**Work required:**
For the material that follows, state the number of lines where "Paste" occurs, and add nothing.
[Supplied records]
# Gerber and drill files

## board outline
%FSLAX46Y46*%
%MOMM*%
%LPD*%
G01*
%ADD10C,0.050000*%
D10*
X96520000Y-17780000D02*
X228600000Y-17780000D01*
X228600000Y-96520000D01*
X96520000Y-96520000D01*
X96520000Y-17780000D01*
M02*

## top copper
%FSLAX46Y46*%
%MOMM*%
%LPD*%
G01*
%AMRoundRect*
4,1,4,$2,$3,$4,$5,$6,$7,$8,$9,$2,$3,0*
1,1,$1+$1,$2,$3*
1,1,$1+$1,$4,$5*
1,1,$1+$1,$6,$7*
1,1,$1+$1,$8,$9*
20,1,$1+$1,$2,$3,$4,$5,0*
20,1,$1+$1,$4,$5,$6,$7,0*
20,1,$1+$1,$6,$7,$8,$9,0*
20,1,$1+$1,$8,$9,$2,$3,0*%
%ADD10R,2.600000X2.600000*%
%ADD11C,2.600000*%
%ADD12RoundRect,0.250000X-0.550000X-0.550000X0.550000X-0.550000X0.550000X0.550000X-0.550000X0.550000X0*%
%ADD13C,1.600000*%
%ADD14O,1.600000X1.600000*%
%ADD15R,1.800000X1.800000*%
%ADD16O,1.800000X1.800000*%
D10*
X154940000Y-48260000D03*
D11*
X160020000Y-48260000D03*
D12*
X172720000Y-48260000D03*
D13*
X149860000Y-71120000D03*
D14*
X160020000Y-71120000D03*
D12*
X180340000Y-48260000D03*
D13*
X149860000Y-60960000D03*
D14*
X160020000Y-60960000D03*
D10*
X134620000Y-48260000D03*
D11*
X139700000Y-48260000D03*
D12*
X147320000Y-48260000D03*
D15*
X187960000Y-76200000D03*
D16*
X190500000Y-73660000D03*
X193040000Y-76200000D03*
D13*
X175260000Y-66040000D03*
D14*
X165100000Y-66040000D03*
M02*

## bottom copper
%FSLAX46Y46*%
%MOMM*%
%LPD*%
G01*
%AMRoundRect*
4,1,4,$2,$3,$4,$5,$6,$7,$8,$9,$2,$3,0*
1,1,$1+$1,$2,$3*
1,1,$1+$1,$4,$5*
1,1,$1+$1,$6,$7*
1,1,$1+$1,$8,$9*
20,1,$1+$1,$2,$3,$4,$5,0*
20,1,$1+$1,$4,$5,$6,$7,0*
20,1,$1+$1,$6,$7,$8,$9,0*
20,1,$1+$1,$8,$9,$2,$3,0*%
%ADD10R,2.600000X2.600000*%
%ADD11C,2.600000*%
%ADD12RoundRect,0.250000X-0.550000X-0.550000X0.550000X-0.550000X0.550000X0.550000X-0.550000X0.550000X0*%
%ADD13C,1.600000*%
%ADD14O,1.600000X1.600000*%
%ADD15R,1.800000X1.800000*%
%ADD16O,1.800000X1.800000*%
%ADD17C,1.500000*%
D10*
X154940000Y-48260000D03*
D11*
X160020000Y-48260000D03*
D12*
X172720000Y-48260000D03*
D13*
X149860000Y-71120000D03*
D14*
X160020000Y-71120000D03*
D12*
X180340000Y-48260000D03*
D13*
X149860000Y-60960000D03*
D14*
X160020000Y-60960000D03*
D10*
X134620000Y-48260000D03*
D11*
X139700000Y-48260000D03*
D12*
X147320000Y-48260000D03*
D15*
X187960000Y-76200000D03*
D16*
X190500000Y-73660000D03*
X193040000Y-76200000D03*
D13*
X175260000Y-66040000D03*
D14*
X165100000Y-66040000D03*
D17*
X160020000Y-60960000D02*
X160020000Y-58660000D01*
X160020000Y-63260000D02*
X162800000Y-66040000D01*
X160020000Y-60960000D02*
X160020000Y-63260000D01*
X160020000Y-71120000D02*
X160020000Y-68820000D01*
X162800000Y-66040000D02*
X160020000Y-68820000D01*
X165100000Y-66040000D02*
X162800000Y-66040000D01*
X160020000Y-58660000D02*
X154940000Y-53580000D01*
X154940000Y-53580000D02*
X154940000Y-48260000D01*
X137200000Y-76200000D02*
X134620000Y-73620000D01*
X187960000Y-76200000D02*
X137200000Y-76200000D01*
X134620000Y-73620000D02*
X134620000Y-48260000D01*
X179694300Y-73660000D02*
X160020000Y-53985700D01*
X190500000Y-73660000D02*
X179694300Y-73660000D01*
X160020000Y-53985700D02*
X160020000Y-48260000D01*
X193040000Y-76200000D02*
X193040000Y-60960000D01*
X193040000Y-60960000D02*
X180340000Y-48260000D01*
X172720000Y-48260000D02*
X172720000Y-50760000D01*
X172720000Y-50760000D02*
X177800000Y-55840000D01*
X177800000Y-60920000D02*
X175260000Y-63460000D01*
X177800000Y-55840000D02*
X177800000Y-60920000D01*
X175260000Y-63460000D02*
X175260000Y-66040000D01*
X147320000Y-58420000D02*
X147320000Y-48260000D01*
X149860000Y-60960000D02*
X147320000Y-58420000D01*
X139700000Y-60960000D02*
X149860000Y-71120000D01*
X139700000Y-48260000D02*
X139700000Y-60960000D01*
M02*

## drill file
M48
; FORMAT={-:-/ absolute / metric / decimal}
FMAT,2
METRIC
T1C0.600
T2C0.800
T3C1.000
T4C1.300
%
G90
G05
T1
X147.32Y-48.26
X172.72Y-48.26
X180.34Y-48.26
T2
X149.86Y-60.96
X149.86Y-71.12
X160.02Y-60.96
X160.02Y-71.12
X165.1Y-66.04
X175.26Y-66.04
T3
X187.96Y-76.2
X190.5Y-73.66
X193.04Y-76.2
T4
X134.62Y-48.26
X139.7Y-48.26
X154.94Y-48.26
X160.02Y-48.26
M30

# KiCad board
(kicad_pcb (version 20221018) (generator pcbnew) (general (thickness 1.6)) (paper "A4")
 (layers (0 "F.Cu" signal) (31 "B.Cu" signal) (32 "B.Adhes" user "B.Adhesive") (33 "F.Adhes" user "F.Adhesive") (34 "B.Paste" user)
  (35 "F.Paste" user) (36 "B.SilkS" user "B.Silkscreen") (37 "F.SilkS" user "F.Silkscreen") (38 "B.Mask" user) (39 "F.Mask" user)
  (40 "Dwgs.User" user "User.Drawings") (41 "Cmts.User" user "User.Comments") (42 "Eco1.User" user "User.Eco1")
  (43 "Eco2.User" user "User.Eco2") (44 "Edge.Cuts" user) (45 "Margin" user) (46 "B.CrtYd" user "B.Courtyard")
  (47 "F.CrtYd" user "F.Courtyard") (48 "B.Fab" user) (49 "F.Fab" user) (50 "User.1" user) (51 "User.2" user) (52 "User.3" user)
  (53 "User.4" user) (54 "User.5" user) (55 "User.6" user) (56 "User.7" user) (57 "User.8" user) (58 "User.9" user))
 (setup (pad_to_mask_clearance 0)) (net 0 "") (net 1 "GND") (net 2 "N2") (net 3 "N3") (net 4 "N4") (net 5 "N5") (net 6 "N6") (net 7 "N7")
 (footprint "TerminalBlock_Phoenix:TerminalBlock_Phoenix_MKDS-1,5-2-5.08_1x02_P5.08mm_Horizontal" (layer "F.Cu") (at 154.94 48.26)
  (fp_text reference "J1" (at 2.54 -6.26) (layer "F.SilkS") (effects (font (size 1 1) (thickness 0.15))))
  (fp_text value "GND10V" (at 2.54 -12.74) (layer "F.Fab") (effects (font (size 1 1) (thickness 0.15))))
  (pad "1" thru_hole rect (at 0 0) (size 2.6 2.6) (drill 1.3) (layers "*.Cu" "*.Mask") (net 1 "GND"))
  (pad "2" thru_hole circle (at 5.08 0) (size 2.6 2.6) (drill 1.3) (layers "*.Cu" "*.Mask") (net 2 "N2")))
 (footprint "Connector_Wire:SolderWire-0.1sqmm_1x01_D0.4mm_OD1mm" (layer "F.Cu") (at 172.72 48.26)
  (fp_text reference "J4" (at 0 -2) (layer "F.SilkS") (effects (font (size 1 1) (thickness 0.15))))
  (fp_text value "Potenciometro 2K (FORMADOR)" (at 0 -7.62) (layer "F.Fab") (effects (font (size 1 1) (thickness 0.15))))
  (pad "1" thru_hole roundrect (at 0 0) (size 1.6 1.6) (drill 0.6) (layers "*.Cu" "*.Mask") (roundrect_rratio 0.15625) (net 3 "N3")))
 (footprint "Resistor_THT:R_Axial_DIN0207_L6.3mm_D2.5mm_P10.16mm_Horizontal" (layer "F.Cu") (at 149.86 71.12)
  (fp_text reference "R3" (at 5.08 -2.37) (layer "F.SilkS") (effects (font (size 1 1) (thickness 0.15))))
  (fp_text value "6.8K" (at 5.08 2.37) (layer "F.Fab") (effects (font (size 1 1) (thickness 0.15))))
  (pad "1" thru_hole circle (at 0 0) (size 1.6 1.6) (drill 0.8) (layers "*.Cu" "*.Mask") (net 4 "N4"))
  (pad "2" thru_hole oval (at 10.16 0) (size 1.6 1.6) (drill 0.8) (layers "*.Cu" "*.Mask") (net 1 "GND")))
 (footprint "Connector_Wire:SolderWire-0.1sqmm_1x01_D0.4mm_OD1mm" (layer "F.Cu") (at 180.34 48.26)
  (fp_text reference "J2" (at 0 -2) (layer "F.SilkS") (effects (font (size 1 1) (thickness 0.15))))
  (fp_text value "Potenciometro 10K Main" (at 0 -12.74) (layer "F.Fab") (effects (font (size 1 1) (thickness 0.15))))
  (pad "1" thru_hole roundrect (at 0 0) (size 1.6 1.6) (drill 0.6) (layers "*.Cu" "*.Mask") (roundrect_rratio 0.15625) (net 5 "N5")))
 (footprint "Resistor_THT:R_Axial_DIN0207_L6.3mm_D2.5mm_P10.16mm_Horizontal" (layer "F.Cu") (at 149.86 60.96)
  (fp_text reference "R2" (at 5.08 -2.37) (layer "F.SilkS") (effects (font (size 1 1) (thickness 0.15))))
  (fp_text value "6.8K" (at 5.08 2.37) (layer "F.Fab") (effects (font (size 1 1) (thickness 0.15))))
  (pad "1" thru_hole circle (at 0 0) (size 1.6 1.6) (drill 0.8) (layers "*.Cu" "*.Mask") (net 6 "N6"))
  (pad "2" thru_hole oval (at 10.16 0) (size 1.6 1.6) (drill 0.8) (layers "*.Cu" "*.Mask") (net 1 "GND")))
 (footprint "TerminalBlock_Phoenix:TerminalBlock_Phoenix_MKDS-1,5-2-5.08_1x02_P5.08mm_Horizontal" (layer "F.Cu") (at 134.62 48.26)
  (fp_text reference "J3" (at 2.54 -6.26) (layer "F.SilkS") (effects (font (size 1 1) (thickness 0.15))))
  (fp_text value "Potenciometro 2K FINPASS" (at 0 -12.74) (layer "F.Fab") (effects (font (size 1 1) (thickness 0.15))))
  (pad "1" thru_hole rect (at 0 0) (size 2.6 2.6) (drill 1.3) (layers "*.Cu" "*.Mask") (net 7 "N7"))
  (pad "2" thru_hole circle (at 5.08 0) (size 2.6 2.6) (drill 1.3) (layers "*.Cu" "*.Mask") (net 4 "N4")))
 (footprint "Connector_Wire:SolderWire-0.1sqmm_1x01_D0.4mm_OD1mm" (layer "F.Cu") (at 147.32 48.26)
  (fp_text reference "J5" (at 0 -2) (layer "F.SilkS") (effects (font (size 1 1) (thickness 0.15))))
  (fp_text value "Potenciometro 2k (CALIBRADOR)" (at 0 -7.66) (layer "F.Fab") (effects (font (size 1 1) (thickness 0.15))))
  (pad "1" thru_hole roundrect (at 0 0) (size 1.6 1.6) (drill 0.6) (layers "*.Cu" "*.Mask") (roundrect_rratio 0.15625) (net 6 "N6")))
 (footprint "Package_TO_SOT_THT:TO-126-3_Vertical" (layer "F.Cu") (at 187.96 76.2)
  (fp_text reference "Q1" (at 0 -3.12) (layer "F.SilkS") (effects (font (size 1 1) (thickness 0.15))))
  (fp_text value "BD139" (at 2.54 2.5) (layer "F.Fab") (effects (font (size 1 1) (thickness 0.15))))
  (pad "1" thru_hole rect (at 0 0) (size 1.8 1.8) (drill 1) (layers "*.Cu" "*.Mask") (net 7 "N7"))
  (pad "2" thru_hole oval (at 2.54 -2.54) (size 1.8 1.8) (drill 1) (layers "*.Cu" "*.Mask") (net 2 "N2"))
  (pad "3" thru_hole oval (at 5.08 0) (size 1.8 1.8) (drill 1) (layers "*.Cu" "*.Mask") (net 5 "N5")))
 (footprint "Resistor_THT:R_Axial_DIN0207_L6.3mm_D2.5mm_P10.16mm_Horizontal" (layer "B.Cu") (at 175.26 66.04 180)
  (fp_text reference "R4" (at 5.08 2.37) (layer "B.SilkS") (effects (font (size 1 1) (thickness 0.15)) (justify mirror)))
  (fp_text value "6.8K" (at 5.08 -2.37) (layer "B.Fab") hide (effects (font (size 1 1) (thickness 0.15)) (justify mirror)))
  (pad "1" thru_hole circle (at 0 0 180) (size 1.6 1.6) (drill 0.8) (layers "*.Cu" "*.Mask") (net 3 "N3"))
  (pad "2" thru_hole oval (at 10.16 0 180) (size 1.6 1.6) (drill 0.8) (layers "*.Cu" "*.Mask") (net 1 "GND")))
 (gr_rect (start 96.52 17.78) (end 228.6 96.52) (stroke (width 0.05) (type default)) (fill none) (layer "Edge.Cuts"))
 (segment (start 160.02 60.96) (end 160.02 58.66) (width 1.5) (layer "B.Cu") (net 1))
 (segment (start 160.02 63.26) (end 162.8 66.04) (width 1.5) (layer "B.Cu") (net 1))
 (segment (start 160.02 60.96) (end 160.02 63.26) (width 1.5) (layer "B.Cu") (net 1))
 (segment (start 160.02 71.12) (end 160.02 68.82) (width 1.5) (layer "B.Cu") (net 1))
 (segment (start 162.8 66.04) (end 160.02 68.82) (width 1.5) (layer "B.Cu") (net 1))
 (segment (start 165.1 66.04) (end 162.8 66.04) (width 1.5) (layer "B.Cu") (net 1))
 (segment (start 160.02 58.66) (end 154.94 53.58) (width 1.5) (layer "B.Cu") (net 1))
 (segment (start 154.94 53.58) (end 154.94 48.26) (width 1.5) (layer "B.Cu") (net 1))
 (segment (start 137.2 76.2) (end 134.62 73.62) (width 1.5) (layer "B.Cu") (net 7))
 (segment (start 187.96 76.2) (end 137.2 76.2) (width 1.5) (layer "B.Cu") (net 7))
 (segment (start 134.62 73.62) (end 134.62 48.26) (width 1.5) (layer "B.Cu") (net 7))
 (segment (start 179.6943 73.66) (end 160.02 53.9857) (width 1.5) (layer "B.Cu") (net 2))
 (segment (start 190.5 73.66) (end 179.6943 73.66) (width 1.5) (layer "B.Cu") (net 2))
 (segment (start 160.02 53.9857) (end 160.02 48.26) (width 1.5) (layer "B.Cu") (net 2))
 (segment (start 193.04 76.2) (end 193.04 60.96) (width 1.5) (layer "B.Cu") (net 5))
 (segment (start 193.04 60.96) (end 180.34 48.26) (width 1.5) (layer "B.Cu") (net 5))
 (segment (start 172.72 48.26) (end 172.72 50.76) (width 1.5) (layer "B.Cu") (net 3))
 (segment (start 172.72 50.76) (end 177.8 55.84) (width 1.5) (layer "B.Cu") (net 3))
 (segment (start 177.8 60.92) (end 175.26 63.46) (width 1.5) (layer "B.Cu") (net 3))
 (segment (start 177.8 55.84) (end 177.8 60.92) (width 1.5) (layer "B.Cu") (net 3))
 (segment (start 175.26 63.46) (end 175.26 66.04) (width 1.5) (layer "B.Cu") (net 3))
 (segment (start 147.32 58.42) (end 147.32 48.26) (width 1.5) (layer "B.Cu") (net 6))
 (segment (start 149.86 60.96) (end 147.32 58.42) (width 1.5) (layer "B.Cu") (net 6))
 (segment (start 139.7 60.96) (end 149.86 71.12) (width 1.5) (layer "B.Cu") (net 4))
 (segment (start 139.7 48.26) (end 139.7 60.96) (width 1.5) (layer "B.Cu") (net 4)))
[/Supplied records]
**Response box:**
2